Assigned task
Would you find each line in the entries below with the string "Drawings" and copy it?

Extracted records
▽
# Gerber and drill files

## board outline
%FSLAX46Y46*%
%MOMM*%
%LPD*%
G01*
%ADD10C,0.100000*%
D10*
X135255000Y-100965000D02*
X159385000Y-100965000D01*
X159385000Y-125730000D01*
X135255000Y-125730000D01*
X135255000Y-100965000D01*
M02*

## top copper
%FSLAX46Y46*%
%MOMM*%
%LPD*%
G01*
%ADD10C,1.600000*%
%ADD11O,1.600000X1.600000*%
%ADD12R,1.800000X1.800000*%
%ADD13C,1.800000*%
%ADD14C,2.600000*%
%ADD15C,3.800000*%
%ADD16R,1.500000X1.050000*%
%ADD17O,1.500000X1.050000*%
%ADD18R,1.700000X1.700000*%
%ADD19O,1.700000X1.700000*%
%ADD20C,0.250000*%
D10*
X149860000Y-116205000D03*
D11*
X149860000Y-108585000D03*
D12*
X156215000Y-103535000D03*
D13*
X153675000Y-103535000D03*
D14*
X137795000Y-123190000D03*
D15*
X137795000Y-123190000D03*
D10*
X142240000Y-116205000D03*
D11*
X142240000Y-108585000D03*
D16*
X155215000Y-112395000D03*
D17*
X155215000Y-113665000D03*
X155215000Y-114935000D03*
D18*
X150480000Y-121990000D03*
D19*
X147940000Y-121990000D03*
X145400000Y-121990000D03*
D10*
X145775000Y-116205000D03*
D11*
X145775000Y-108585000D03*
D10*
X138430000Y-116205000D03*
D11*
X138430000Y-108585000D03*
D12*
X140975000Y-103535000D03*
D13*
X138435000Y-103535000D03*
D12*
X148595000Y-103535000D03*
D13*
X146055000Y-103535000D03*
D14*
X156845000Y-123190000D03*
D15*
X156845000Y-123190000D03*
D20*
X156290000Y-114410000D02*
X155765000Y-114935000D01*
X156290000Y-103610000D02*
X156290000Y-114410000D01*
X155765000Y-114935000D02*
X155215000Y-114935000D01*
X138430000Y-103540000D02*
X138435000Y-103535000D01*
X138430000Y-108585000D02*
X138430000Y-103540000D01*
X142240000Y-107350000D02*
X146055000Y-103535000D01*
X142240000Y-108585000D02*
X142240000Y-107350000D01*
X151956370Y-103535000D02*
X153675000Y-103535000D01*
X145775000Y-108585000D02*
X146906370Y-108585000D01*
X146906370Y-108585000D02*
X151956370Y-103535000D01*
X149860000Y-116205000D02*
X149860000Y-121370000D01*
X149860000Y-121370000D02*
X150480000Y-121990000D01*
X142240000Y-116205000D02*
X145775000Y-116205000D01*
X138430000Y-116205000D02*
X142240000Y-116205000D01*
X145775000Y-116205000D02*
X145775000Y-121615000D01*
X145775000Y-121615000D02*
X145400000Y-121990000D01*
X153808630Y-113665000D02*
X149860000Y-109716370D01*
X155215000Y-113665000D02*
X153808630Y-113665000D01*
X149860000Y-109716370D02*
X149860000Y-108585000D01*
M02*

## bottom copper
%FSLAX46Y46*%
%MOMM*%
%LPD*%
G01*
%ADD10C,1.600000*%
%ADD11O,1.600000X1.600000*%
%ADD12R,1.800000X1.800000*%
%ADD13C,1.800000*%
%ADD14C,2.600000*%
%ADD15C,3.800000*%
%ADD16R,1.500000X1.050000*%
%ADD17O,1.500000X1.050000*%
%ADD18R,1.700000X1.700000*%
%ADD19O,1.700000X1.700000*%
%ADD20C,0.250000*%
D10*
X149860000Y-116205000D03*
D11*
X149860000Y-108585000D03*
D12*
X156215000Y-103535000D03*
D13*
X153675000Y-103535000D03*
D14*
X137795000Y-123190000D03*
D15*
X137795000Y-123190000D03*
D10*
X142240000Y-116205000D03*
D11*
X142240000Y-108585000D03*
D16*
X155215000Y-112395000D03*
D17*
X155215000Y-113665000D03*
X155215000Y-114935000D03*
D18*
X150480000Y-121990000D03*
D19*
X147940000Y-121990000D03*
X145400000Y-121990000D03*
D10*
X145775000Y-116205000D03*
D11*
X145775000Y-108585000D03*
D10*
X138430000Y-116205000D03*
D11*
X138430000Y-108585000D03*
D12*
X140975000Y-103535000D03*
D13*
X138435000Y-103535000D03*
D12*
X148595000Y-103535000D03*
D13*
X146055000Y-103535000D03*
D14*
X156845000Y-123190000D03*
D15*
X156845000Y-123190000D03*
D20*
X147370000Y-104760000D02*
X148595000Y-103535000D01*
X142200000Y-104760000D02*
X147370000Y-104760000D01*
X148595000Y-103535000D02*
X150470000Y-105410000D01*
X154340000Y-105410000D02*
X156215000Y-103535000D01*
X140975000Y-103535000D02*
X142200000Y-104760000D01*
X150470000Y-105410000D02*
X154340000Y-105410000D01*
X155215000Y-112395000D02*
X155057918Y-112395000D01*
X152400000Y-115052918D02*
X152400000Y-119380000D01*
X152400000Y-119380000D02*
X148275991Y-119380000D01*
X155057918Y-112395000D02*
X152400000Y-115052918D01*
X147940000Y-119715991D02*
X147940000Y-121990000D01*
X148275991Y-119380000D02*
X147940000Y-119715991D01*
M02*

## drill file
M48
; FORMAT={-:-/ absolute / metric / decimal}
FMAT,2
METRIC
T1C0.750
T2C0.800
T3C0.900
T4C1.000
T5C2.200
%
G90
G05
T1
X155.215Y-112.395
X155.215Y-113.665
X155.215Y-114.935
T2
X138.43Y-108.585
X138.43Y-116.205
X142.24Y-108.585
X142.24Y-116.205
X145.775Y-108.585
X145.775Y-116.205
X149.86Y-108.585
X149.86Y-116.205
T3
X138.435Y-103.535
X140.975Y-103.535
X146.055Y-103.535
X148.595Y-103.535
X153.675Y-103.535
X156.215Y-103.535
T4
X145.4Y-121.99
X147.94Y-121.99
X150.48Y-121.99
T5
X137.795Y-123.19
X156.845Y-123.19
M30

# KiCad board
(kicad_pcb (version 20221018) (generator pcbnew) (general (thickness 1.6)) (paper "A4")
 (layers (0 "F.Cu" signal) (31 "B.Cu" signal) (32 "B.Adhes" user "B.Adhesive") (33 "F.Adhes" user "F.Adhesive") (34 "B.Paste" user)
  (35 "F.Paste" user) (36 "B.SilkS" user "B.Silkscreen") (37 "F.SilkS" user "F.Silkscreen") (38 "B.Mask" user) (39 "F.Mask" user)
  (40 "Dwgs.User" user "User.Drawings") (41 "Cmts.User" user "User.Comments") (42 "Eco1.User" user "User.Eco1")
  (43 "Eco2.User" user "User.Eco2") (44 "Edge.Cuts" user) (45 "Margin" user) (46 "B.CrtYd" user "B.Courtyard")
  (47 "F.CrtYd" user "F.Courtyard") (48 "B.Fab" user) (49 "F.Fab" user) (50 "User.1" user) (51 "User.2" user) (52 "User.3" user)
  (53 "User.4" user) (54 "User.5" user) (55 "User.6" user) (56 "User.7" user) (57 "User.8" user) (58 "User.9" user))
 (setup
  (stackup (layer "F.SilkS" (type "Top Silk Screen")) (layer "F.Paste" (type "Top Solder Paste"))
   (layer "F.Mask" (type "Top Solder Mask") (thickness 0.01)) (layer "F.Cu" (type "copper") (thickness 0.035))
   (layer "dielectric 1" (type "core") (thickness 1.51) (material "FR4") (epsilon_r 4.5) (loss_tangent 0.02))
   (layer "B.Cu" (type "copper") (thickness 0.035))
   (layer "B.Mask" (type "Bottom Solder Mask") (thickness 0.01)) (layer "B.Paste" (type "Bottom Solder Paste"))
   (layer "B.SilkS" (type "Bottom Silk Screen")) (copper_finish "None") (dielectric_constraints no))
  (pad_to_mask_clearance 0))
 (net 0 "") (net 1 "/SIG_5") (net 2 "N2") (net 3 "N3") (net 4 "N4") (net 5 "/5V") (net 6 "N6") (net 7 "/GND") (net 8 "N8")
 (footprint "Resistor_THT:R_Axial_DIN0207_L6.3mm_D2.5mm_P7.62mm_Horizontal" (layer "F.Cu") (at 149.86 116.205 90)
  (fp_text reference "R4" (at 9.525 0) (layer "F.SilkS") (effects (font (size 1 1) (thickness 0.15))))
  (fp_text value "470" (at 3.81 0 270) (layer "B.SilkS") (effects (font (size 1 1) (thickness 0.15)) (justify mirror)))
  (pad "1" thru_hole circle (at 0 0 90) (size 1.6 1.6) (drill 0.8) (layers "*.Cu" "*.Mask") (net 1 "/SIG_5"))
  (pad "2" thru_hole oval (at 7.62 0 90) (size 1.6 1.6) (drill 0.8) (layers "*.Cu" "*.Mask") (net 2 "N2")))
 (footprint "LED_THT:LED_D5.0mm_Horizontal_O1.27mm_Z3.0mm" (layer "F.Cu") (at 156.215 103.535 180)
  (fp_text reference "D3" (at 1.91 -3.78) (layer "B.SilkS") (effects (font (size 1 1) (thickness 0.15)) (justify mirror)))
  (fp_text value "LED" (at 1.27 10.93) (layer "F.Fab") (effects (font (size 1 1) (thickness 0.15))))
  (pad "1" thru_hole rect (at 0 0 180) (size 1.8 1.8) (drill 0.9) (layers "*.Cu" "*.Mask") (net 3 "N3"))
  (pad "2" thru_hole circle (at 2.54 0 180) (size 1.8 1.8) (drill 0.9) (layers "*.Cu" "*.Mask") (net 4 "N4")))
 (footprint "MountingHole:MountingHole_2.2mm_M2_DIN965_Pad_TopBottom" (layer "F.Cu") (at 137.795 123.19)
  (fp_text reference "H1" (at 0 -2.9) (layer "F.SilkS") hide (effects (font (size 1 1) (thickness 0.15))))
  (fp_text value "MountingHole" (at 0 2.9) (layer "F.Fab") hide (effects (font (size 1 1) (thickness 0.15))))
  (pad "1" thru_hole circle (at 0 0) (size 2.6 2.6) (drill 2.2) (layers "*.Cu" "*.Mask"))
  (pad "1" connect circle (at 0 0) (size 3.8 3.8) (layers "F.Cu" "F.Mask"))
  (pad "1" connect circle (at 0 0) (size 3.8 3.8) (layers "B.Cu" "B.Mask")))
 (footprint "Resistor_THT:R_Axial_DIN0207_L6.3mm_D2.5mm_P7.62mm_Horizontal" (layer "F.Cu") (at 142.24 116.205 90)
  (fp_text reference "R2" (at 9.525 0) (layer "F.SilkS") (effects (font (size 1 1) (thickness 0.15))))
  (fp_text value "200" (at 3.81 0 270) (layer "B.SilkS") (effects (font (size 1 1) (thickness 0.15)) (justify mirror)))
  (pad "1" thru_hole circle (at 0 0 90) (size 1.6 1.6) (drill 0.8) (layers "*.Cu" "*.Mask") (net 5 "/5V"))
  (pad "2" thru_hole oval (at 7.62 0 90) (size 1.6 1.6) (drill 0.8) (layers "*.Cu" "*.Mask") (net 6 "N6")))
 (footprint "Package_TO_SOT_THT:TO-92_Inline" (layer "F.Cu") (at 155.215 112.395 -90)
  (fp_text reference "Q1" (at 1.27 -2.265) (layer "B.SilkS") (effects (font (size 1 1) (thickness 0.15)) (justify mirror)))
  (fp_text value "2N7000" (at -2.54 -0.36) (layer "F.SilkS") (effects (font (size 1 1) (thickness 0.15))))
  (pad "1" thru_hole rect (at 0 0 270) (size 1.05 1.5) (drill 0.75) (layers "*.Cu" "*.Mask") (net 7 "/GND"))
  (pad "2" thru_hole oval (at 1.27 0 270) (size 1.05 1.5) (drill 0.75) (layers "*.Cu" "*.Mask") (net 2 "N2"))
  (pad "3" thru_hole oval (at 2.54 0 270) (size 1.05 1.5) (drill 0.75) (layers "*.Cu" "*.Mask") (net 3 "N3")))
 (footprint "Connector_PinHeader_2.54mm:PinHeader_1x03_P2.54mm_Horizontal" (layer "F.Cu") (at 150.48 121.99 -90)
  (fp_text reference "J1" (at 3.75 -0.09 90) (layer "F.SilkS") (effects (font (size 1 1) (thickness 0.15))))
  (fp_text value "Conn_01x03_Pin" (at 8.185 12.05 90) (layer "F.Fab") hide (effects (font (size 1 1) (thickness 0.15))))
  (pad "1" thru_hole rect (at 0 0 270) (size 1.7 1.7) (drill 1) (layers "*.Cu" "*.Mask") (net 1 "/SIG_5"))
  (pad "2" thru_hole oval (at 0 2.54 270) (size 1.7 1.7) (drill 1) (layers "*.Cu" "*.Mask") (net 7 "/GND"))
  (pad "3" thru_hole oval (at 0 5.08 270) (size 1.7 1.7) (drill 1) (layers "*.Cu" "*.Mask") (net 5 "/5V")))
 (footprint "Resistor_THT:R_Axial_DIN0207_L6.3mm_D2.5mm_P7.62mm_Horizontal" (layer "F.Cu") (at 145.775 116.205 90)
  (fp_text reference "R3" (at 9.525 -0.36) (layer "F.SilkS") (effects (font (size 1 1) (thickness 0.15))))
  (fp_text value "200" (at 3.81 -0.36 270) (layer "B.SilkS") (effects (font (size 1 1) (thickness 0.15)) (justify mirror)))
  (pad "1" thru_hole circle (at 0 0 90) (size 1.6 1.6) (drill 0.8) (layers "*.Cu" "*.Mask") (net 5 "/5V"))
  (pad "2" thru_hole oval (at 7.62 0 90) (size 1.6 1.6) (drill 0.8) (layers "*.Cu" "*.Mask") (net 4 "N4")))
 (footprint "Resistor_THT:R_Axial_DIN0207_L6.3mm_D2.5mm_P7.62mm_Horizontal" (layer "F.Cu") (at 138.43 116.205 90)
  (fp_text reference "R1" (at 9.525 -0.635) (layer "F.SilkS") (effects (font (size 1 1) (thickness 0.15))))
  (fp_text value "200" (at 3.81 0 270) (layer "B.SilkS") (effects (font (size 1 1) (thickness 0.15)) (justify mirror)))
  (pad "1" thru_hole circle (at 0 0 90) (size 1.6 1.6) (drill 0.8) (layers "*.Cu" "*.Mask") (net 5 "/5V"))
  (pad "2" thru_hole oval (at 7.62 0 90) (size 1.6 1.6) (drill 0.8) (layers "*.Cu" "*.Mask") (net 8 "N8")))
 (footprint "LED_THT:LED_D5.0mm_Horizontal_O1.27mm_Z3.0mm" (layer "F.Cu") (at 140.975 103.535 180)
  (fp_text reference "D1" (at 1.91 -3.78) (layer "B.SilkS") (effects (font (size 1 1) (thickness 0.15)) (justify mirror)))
△
▽
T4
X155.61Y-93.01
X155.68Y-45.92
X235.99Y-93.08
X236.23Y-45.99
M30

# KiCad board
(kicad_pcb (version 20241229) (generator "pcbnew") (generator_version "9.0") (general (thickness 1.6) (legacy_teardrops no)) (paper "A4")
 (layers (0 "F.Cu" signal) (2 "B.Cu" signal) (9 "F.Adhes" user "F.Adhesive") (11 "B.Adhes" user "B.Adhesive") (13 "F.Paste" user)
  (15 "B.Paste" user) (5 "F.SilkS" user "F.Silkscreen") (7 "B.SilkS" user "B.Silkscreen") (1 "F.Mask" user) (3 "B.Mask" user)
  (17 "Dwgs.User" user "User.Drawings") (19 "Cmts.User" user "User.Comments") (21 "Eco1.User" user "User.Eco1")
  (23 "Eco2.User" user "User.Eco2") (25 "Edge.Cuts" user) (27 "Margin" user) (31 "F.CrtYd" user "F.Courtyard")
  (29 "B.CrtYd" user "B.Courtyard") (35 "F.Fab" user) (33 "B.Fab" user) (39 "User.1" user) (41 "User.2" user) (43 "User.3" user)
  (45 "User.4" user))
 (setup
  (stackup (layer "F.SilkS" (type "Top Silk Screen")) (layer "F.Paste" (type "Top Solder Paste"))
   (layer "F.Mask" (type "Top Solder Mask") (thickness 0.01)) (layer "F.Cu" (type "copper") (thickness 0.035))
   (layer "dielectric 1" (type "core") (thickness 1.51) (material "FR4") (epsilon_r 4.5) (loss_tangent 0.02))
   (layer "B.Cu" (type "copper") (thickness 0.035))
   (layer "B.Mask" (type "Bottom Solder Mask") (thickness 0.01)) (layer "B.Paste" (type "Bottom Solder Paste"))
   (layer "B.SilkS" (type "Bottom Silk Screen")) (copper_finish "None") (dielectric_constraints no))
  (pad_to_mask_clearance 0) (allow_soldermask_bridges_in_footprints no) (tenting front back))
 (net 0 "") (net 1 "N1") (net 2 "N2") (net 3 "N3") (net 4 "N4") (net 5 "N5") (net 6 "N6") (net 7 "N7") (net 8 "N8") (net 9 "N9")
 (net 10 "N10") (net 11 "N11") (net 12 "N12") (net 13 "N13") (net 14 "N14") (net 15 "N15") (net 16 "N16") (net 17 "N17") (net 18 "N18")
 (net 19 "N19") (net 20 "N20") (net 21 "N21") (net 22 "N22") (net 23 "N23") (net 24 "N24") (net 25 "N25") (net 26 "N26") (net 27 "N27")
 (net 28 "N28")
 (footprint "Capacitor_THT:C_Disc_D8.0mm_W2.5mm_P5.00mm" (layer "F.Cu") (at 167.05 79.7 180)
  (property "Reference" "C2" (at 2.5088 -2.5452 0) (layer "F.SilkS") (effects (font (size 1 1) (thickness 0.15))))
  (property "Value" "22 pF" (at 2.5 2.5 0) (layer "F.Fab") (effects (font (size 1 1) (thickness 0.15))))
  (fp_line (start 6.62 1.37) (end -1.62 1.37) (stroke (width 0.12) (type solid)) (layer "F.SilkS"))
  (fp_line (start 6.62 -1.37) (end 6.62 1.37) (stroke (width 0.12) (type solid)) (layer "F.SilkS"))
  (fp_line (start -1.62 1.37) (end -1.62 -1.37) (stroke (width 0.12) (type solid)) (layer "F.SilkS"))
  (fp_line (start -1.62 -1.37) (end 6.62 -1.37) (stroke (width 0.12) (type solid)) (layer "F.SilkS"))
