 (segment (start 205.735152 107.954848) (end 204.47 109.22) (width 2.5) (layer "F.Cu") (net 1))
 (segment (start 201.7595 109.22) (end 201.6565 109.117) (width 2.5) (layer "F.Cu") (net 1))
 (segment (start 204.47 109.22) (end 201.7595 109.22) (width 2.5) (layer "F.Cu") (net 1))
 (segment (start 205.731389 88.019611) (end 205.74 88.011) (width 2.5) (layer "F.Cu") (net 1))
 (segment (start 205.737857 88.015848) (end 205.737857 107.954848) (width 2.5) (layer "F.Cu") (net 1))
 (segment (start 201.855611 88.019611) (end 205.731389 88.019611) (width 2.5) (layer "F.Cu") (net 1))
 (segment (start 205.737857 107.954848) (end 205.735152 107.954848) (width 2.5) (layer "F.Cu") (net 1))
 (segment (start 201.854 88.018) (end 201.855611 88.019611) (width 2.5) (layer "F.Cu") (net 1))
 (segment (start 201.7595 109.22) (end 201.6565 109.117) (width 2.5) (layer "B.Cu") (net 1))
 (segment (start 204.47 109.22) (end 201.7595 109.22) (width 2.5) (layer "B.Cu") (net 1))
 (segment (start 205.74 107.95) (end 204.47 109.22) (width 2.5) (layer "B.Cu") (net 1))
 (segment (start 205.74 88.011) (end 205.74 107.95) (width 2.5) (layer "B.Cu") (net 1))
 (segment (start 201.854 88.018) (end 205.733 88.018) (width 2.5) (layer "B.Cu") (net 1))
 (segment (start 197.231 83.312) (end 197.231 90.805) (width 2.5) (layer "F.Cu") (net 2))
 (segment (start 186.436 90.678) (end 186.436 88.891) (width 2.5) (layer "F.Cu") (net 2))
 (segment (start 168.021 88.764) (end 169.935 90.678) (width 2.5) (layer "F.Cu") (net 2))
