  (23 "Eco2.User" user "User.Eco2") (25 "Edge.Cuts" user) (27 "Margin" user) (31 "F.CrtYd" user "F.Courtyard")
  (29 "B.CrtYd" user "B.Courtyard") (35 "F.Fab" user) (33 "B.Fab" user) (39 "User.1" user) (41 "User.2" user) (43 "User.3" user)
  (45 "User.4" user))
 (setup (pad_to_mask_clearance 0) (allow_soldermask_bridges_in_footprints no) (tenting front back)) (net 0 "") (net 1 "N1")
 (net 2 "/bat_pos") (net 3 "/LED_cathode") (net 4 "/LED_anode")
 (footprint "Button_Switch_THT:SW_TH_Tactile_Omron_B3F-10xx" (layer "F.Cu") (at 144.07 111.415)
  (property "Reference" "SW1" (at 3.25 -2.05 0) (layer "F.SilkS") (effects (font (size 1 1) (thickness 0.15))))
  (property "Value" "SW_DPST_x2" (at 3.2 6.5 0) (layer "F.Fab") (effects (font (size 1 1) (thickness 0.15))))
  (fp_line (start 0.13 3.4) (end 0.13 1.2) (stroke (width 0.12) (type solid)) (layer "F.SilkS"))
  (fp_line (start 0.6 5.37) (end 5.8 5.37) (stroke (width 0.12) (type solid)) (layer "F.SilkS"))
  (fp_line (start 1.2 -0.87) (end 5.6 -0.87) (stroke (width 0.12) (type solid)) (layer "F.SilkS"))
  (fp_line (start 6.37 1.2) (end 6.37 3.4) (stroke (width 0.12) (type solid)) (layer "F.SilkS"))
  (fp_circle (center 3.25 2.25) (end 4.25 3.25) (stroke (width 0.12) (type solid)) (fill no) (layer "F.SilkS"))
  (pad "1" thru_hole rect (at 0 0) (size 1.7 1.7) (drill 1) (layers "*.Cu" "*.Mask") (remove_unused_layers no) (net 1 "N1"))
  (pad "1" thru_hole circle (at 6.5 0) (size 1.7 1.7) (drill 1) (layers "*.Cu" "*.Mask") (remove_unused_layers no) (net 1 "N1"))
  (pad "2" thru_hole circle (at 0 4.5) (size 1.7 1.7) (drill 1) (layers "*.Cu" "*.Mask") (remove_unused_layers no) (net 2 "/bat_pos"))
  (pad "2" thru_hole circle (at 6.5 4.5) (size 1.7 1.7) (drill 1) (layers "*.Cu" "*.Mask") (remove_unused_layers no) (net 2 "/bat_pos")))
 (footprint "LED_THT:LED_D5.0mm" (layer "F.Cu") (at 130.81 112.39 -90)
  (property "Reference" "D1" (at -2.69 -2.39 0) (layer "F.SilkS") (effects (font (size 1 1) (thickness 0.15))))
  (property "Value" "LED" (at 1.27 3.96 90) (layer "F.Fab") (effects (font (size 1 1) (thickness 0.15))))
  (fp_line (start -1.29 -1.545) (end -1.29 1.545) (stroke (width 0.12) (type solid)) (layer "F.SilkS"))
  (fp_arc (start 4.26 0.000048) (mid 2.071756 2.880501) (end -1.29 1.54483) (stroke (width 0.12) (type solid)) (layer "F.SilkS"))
△
Output of the exercise
  (40 "Dwgs.User" user "User.Drawings") (41 "Cmts.User" user "User.Comments") (42 "Eco1.User" user "User.Eco1")
  (17 "Dwgs.User" user "User.Drawings") (19 "Cmts.User" user "User.Comments") (21 "Eco1.User" user "User.Eco1")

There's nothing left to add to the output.